碱土金属氧化物改性ZrO2催化1,4-丁二醇选择性脱水合成3-丁烯-1-醇

采用浸渍法制备了碱土金属氧化物CaO,SrO或BaO改性的ZrO₂酸碱双功能催化剂,借助X射线衍射、低温N₂物理吸附、NH₃和CO₂程序升温脱附等手段表征了催化剂的结构、织构以及表面酸碱性质,并考察了其催化1,4-丁二醇选择性脱水合成3-丁烯-1-醇的反应性能.结果表明,碱土金属氧化物的引入显著调变了催化剂表面的酸性和碱性中心,进而对1,4-丁二醇转化率和3-丁烯-1-醇选择性产生重要影响.其中,CaO改性的ZrO₂样品中形成了大量的Ca-O-Zr结构,在ZrO₂表面形成大量碱性位点的同时,保持了较高的酸密度;而SrO和BaO改性的样品中生成了相应的锆酸盐,ZrO₂表面的酸密度呈现不同程度的下降.因此,CaO/ZrO₂催化剂表现出最优的催化活性和3-丁烯-1-醇选择性,350℃时,3-丁烯-1-醇收率最高,达60.5%.催化剂表面的酸碱协同作用是选择性合成3-丁烯-1-醇的关键因素.

Vapor-phase selective dehydration of 1,4-butanediol to 3-buten-1-ol over ZrO2 catalysts modified with alkaline earth metal oxides

Modified ZrO₂ catalysts were prepared by doping with alkaline earth metal oxides (CaO, SrO, or BaO) in a wet impregnation method. The catalysts were characterized by N₂ physisorption, X-ray diffraction, and temperature-programmed desorption (TPD) with NH₃ and CO₂. Their catalytic performance in the vapor-phase selective dehydration of 1,4-butanediol (BDO) to 3-buten-1-ol (BTO) was investigated. The results showed that the alkaline earth metal can change the acid-base properties on the catalyst surface and thus affect BDO conversion and BTO product selectivity. For ZrO₂ catalyst modified by CaO, Ca²⁺ entered the ZrO₂ crystal lattice and formed Ca?O?Zr hetero-linkages.
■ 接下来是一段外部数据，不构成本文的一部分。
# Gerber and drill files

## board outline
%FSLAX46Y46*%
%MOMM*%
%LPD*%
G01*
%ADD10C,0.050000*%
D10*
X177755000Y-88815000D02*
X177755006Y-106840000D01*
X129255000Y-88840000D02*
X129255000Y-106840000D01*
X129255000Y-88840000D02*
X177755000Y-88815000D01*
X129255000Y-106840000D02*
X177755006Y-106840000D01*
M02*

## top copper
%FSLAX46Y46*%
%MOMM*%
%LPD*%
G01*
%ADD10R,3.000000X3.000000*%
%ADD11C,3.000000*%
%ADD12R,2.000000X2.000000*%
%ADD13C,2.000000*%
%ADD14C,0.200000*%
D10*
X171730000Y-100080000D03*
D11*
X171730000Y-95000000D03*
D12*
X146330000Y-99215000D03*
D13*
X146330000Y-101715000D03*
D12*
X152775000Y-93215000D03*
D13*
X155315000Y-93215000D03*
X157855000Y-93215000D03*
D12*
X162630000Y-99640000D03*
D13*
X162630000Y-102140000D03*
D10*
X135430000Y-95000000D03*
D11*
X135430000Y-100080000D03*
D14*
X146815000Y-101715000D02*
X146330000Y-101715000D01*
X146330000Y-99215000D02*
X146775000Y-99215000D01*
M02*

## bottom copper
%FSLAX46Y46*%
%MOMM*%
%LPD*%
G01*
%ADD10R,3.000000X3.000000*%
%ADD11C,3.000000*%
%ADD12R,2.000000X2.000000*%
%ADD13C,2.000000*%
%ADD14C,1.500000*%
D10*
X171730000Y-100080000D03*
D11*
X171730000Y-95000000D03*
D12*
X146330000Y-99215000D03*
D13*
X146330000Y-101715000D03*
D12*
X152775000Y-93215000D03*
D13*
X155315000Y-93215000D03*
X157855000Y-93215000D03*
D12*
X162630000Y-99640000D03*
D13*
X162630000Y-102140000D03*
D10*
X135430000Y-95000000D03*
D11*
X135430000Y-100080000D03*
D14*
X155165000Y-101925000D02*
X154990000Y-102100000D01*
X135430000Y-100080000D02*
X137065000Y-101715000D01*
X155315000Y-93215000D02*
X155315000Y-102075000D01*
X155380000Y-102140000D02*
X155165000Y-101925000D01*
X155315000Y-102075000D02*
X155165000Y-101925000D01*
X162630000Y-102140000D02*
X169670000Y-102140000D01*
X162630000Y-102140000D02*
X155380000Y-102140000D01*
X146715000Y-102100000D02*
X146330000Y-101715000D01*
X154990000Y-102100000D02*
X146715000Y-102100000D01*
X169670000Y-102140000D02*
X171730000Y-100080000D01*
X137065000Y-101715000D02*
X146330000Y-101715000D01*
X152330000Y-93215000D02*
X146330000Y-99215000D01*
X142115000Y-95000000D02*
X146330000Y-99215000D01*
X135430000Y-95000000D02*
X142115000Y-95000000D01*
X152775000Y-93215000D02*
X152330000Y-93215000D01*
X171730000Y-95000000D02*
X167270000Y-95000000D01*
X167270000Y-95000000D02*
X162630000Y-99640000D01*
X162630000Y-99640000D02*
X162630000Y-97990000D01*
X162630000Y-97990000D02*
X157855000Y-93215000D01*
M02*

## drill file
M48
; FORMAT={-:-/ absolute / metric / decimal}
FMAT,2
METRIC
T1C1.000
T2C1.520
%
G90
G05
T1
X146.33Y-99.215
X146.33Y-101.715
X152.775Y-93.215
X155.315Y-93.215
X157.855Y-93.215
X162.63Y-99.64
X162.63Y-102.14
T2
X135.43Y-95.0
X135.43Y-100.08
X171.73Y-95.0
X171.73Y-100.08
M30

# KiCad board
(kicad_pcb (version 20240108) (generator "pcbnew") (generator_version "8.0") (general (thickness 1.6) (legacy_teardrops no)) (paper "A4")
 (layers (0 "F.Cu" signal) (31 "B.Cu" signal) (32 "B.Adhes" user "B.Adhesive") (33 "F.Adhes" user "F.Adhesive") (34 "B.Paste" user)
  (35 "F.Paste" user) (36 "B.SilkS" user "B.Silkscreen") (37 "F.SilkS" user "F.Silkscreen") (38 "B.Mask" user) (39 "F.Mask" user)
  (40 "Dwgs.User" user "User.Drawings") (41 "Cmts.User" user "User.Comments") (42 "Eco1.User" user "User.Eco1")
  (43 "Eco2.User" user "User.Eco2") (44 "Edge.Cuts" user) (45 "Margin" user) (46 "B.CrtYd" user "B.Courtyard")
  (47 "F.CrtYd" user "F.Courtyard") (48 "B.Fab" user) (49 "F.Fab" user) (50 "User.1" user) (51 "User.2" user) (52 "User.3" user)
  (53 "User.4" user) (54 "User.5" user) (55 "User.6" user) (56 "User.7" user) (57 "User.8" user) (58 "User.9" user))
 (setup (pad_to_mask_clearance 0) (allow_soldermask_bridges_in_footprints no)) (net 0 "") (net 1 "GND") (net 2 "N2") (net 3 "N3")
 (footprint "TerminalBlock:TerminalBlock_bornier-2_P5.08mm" (layer "F.Cu") (at 171.73 100.08 90)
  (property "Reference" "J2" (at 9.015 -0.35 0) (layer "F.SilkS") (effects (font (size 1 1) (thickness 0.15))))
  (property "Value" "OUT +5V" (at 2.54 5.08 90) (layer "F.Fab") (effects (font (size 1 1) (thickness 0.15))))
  (pad "1" thru_hole rect (at 0 0 90) (size 3 3) (drill 1.52) (layers "*.Cu" "*.Mask") (remove_unused_layers no) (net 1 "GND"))
  (pad "2" thru_hole circle (at 5.08 0 90) (size 3 3) (drill 1.52) (layers "*.Cu" "*.Mask") (remove_unused_layers no) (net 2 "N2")))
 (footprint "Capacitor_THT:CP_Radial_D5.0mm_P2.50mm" (layer "F.Cu") (at 146.33 99.215 -90)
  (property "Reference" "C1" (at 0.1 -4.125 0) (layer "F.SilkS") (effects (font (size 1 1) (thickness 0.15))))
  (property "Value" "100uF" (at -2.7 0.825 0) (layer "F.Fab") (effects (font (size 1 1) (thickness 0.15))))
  (pad "1" thru_hole rect (at 0 0 270) (size 2 2) (drill 1) (layers "*.Cu" "*.Mask") (remove_unused_layers no) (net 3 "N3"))
  (pad "2" thru_hole circle (at 2.5 0 270) (size 2 2) (drill 1) (layers "*.Cu" "*.Mask") (remove_unused_layers no) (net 1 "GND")))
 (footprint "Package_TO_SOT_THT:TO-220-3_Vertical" (layer "F.Cu") (at 152.775 93.215)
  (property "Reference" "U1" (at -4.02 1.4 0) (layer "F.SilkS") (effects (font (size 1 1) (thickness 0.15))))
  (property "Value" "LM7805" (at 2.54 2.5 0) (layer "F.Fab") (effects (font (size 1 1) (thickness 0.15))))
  (pad "1" thru_hole rect (at 0 0) (size 2 2) (drill 1) (layers "*.Cu" "*.Mask") (remove_unused_layers no) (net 3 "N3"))
  (pad "2" thru_hole circle (at 2.54 0) (size 2 2) (drill 1) (layers "*.Cu" "*.Mask") (remove_unused_layers no) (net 1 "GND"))
  (pad "3" thru_hole circle (at 5.08 0) (size 2 2) (drill 1) (layers "*.Cu" "*.Mask") (remove_unused_layers no) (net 2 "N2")))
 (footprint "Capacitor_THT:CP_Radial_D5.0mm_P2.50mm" (layer "F.Cu") (at 162.63 99.64 -90)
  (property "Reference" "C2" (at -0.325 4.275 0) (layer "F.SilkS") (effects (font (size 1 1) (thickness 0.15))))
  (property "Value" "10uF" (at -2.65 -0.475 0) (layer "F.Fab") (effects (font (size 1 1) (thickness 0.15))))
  (pad "1" thru_hole rect (at 0 0 270) (size 2 2) (drill 1) (layers "*.Cu" "*.Mask") (remove_unused_layers no) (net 2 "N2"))
  (pad "2" thru_hole circle (at 2.5 0 270) (size 2 2) (drill 1) (layers "*.Cu" "*.Mask") (remove_unused_layers no) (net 1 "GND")))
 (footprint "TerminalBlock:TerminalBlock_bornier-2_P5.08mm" (layer "F.Cu") (at 135.43 95 -90)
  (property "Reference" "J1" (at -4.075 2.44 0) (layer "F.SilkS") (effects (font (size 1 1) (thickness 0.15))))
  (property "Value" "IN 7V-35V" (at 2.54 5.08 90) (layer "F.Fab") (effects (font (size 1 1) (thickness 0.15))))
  (pad "1" thru_hole rect (at 0 0 270) (size 3 3) (drill 1.52) (layers "*.Cu" "*.Mask") (remove_unused_layers no) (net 3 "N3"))
  (pad "2" thru_hole circle (at 5.08 0 270) (size 3 3) (drill 1.52) (layers "*.Cu" "*.Mask") (remove_unused_layers no) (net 1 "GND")))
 (gr_line (start 177.755 88.815) (end 177.755006 106.84) (stroke (width 0.05) (type default)) (layer "Edge.Cuts"))
 (gr_line (start 129.255 88.84) (end 129.255 106.84) (stroke (width 0.05) (type default)) (layer "Edge.Cuts"))
 (gr_line (start 129.255 88.84) (end 177.755 88.815) (stroke (width 0.05) (type default)) (layer "Edge.Cuts"))
 (gr_line (start 129.255 106.84) (end 177.755006 106.84) (stroke (width 0.05) (type default)) (layer "Edge.Cuts"))
 (segment (start 146.815 101.715) (end 146.33 101.715) (width 0.2) (layer "F.Cu") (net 1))
 (segment (start 155.165 101.925) (end 154.99 102.1) (width 1.5) (layer "B.Cu") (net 1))
 (segment (start 135.43 100.08) (end 137.065 101.715) (width 1.5) (layer "B.Cu") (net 1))
 (segment (start 155.315 93.215) (end 155.315 102.075) (width 1.5) (layer "B.Cu") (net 1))
 (segment (start 155.38 102.14) (end 155.165 101.925) (width 1.5) (layer "B.Cu") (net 1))
 (segment (start 155.315 102.075) (end 155.165 101.925) (width 1.5) (layer "B.Cu") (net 1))
 (segment (start 162.63 102.14) (end 169.67 102.14) (width 1.5) (layer "B.Cu") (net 1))
 (segment (start 162.63 102.14) (end 155.38 102.14) (width 1.5) (layer "B.Cu") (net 1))
 (segment (start 146.715 102.1) (end 146.33 101.715) (width 1.5) (layer "B.Cu") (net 1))
 (segment (start 154.99 102.1) (end 146.715 102.1) (width 1.5) (layer "B.Cu") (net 1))
 (segment (start 169.67 102.14) (end 171.73 100.08) (width 1.5) (layer "B.Cu") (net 1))
 (segment (start 137.065 101.715) (end 146.33 101.715) (width 1.5) (layer "B.Cu") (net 1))
 (segment (start 146.33 99.215) (end 146.775 99.215) (width 0.2) (layer "F.Cu") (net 3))
 (segment (start 152.33 93.215) (end 146.33 99.215) (width 1.5) (layer "B.Cu") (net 3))
 (segment (start 142.115 95) (end 146.33 99.215) (width 1.5) (layer "B.Cu") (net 3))
 (segment (start 135.43 95) (end 142.115 95) (width 1.5) (layer "B.Cu") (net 3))
 (segment (start 152.775 93.215) (end 152.33 93.215) (width 1.5) (layer "B.Cu") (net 3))
 (segment (start 171.73 95) (end 167.27 95) (width 1.5) (layer "B.Cu") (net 2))
 (segment (start 167.27 95) (end 162.63 99.64) (width 1.5) (layer "B.Cu") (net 2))
 (segment (start 162.63 99.64) (end 162.63 97.99) (width 1.5) (layer "B.Cu") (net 2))
 (segment (start 162.63 97.99) (end 157.855 93.215) (width 1.5) (layer "B.Cu") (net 2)))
These allowed the CaO/ZrO₂ catalyst to maintain a high acid density and generate a large number of basic sites when compared with unmodified ZrO₂. In contrast, SrO and BaO reacted with ZrO₂ to generate the corresponding zirconates, which resulted in decreased acid density on the catalyst surface. Of the catalysts tested, CaO/ZrO₂ showed the best catalytic performance. The highest yield of BTO was 60.5% and was achieved at 350℃ over CaO/ZrO₂ catalyst. The key point for highly selective dehydration of BDO to BTO resided in the synergistic effect between acid and base sites on the catalyst surface.